Der junge Arzt und Psychiater Manfred in der Beeck (1901-1956), der sein künstlerisches Talent wie auch seinen Humor entdeckt hatte, verlegte ihn in Marsberg in eine Einzelzelle, besorgte ihm Zeichenmaterial und animierte ihn, ein Zitat aus der Frankfurter Zeitung zu illustrieren: "Alles ist möglich, das Dümmste aber am wahrscheinlichsten". Es folgten unzählige kleine Zeichnungen, in denen sich der Patient über Dummheit und Bosheit der anderen mokierte. Als Spiessbach zurück in den Osten Deutschlands wollte und er aus seinem Fenster diesbezügliche Spruchbänder gehängt hatte, wurde er gebremst. Er hörte darauf mit dem Zeichnen auf, stürzte 1956 bei einem Fluchtversuch ab und starb am selben Tag.

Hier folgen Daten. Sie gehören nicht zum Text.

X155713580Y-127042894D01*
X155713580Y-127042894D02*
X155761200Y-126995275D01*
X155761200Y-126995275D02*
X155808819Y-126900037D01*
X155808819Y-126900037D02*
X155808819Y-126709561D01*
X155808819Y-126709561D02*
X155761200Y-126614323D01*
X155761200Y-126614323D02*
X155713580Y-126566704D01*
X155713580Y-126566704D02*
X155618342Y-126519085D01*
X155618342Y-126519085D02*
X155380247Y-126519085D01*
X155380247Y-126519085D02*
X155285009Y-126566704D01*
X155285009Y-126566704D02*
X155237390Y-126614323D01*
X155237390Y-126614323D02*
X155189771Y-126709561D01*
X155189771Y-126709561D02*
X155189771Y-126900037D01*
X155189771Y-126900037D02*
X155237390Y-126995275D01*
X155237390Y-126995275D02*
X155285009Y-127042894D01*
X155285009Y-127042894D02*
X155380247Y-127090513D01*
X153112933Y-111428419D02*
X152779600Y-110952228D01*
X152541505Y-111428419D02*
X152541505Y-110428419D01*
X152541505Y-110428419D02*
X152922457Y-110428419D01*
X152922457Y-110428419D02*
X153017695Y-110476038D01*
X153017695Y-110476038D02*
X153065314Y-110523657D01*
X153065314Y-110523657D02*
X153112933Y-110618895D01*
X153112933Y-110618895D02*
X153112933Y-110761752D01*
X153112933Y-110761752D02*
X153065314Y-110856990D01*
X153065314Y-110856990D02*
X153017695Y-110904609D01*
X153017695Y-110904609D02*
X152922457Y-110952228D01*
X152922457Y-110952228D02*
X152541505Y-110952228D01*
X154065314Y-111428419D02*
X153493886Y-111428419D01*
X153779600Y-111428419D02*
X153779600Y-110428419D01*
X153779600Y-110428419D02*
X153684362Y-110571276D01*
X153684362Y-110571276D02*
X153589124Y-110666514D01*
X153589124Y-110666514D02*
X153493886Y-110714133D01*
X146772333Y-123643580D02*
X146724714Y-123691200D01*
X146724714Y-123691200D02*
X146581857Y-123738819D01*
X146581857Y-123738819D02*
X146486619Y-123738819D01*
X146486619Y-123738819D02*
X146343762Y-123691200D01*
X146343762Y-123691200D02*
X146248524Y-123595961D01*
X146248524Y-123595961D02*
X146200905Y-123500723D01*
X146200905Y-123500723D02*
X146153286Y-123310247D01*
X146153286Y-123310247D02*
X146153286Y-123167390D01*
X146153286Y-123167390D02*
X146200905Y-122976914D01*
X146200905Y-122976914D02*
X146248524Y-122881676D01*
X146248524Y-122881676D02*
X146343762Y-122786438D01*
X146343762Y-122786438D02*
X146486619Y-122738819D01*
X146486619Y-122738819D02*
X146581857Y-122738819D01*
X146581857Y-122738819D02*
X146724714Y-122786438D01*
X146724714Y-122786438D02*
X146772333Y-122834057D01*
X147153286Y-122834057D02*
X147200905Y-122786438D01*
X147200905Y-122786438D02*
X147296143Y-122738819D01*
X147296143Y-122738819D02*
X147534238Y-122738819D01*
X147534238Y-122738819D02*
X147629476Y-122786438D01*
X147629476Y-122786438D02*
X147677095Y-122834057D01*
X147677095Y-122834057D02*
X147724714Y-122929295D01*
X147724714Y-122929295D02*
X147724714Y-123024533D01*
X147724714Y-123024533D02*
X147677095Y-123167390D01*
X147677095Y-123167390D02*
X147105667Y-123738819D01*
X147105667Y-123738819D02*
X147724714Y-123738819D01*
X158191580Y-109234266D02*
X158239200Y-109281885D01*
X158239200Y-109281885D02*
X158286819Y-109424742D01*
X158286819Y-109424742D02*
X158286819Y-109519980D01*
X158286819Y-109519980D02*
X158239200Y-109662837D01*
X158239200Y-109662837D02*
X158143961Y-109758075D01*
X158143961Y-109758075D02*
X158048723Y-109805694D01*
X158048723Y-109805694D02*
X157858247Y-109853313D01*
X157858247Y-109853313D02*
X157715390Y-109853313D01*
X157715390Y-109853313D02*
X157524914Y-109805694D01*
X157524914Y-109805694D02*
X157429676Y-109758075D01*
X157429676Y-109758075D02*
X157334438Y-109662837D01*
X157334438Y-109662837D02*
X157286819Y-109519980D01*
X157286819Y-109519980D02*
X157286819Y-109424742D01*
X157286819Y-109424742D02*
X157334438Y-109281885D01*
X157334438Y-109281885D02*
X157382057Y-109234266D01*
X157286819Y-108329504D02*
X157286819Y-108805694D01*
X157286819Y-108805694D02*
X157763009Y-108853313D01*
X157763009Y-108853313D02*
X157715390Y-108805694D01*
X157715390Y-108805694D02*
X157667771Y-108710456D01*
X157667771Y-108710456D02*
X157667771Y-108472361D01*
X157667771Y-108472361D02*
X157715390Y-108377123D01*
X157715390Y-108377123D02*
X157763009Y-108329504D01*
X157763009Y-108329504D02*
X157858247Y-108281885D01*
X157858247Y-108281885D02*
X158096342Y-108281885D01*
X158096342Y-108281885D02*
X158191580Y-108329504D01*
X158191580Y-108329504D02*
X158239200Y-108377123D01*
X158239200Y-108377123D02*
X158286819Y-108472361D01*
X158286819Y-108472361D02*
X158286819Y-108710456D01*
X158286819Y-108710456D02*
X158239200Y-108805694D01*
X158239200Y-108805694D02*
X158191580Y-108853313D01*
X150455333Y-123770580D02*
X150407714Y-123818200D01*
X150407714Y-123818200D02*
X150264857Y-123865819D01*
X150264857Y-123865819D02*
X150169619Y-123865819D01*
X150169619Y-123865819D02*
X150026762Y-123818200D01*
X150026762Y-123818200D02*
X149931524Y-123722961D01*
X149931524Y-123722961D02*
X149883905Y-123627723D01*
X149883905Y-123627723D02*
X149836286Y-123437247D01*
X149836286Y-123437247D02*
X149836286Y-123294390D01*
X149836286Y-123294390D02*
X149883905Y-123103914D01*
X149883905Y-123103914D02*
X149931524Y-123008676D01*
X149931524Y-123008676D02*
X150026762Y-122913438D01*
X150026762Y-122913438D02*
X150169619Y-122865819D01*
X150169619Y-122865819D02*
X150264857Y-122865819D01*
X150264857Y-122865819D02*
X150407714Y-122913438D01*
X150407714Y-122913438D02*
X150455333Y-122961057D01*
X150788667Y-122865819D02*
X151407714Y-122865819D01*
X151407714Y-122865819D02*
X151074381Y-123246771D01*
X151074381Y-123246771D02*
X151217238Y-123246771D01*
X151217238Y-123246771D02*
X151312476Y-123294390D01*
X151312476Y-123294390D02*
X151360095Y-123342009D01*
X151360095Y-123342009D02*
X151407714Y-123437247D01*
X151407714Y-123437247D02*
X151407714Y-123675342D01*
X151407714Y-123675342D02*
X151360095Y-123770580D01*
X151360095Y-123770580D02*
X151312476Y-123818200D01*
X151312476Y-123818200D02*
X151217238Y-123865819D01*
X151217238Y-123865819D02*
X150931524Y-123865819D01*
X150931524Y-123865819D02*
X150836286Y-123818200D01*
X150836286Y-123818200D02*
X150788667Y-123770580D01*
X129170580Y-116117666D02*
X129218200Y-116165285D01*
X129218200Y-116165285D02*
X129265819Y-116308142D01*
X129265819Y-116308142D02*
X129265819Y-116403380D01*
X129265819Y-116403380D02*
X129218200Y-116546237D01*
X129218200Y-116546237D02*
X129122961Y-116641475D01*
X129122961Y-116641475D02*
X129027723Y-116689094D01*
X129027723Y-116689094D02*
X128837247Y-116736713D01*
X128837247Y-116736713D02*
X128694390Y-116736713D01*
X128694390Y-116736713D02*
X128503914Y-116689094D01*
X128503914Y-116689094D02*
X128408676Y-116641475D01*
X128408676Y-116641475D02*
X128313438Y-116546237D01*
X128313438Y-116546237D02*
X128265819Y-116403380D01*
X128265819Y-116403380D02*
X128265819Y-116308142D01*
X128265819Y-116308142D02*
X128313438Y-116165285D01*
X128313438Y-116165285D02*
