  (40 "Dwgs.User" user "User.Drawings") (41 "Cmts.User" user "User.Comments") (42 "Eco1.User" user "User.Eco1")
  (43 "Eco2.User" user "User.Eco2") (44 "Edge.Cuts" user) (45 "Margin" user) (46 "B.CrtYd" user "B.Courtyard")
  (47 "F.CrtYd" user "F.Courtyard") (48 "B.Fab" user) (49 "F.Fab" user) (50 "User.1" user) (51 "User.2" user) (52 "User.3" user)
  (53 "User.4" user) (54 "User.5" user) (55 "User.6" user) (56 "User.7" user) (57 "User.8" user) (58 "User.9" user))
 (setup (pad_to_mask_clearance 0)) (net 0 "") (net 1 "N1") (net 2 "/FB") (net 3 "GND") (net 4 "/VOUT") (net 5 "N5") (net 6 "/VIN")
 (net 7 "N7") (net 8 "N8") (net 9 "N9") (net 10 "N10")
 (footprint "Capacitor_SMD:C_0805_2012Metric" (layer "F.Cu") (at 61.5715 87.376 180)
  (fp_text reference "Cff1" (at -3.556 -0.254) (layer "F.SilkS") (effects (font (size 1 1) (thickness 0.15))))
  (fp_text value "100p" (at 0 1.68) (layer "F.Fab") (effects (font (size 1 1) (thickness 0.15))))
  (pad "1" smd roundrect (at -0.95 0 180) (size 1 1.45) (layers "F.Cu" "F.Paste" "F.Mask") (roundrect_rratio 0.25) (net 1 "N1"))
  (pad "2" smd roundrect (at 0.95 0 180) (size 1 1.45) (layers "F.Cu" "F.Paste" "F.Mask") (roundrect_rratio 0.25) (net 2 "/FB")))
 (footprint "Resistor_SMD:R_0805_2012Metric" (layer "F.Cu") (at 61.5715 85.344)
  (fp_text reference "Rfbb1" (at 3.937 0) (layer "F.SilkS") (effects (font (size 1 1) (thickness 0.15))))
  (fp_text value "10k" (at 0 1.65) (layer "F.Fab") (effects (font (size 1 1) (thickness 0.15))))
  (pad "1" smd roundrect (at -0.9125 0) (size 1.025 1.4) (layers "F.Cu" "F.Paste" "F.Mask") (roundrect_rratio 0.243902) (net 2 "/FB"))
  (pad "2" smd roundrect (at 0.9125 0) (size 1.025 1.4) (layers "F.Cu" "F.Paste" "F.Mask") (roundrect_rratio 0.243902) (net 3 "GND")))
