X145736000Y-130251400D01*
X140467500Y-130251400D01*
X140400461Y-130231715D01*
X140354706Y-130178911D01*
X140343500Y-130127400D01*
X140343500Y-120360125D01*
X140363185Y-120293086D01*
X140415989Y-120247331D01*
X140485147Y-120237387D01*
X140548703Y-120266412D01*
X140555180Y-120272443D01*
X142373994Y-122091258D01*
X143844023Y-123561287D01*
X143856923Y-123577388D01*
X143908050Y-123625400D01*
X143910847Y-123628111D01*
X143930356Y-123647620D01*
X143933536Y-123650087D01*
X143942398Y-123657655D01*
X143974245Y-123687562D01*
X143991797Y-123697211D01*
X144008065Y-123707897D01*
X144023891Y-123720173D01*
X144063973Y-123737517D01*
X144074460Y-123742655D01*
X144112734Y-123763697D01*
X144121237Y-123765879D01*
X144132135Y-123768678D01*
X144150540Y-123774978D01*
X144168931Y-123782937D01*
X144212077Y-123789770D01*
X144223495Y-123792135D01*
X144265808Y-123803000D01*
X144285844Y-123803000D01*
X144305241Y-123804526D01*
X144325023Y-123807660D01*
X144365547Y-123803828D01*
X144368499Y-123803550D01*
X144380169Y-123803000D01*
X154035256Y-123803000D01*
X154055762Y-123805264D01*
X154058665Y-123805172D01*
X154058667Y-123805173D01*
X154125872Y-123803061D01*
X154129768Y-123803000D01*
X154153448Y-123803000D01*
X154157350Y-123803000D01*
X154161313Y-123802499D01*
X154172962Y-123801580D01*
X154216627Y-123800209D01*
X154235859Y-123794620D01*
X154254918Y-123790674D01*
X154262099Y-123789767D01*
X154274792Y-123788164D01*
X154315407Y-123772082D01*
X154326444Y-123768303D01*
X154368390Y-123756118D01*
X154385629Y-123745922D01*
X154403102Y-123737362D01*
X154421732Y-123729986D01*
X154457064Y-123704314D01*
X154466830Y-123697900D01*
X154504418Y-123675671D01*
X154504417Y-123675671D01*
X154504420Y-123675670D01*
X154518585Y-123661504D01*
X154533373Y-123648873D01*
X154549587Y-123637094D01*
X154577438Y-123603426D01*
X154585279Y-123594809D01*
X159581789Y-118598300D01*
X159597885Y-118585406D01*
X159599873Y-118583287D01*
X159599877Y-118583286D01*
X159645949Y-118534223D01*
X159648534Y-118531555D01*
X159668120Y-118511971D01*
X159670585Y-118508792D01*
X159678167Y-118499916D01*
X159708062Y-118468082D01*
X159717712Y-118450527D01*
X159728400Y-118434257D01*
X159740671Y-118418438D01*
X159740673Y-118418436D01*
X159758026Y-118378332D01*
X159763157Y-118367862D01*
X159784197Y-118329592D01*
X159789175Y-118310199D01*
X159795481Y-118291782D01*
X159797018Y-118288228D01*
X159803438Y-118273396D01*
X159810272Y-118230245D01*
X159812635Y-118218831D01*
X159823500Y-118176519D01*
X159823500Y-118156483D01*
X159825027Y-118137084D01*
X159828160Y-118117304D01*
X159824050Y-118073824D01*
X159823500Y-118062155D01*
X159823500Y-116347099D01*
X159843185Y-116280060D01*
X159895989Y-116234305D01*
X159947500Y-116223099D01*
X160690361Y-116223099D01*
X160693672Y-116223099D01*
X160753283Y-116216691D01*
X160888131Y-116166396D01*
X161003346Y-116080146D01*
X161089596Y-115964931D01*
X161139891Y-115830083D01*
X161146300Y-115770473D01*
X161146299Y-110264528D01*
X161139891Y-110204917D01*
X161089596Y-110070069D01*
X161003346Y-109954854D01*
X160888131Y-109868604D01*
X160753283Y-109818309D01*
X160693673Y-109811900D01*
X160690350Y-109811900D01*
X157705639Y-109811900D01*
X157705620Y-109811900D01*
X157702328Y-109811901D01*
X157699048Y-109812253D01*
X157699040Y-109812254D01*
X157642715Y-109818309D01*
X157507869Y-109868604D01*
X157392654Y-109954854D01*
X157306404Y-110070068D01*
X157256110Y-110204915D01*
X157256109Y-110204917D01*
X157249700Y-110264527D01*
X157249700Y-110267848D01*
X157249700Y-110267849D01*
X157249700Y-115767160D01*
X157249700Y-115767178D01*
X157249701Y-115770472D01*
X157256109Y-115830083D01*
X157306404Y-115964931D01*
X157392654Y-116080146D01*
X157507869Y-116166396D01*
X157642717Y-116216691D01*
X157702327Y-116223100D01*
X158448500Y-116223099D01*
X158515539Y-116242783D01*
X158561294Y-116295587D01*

Die in der aktuellen Präsentation gezeigten Blätter von Erich Spiessbach spiegeln den spezifischen Humor des Anstaltsinsassen, der sich vielleicht selbst am Schopf aus dem Sumpf ziehen wollte. Er schuf schrille, auch gespenstisch anmutende Darstellungen wie zum Beispiel eine "Holzkopfprothese" oder "Die falsche Schlange" mit einer offenbar klatschsüchtigen Frau.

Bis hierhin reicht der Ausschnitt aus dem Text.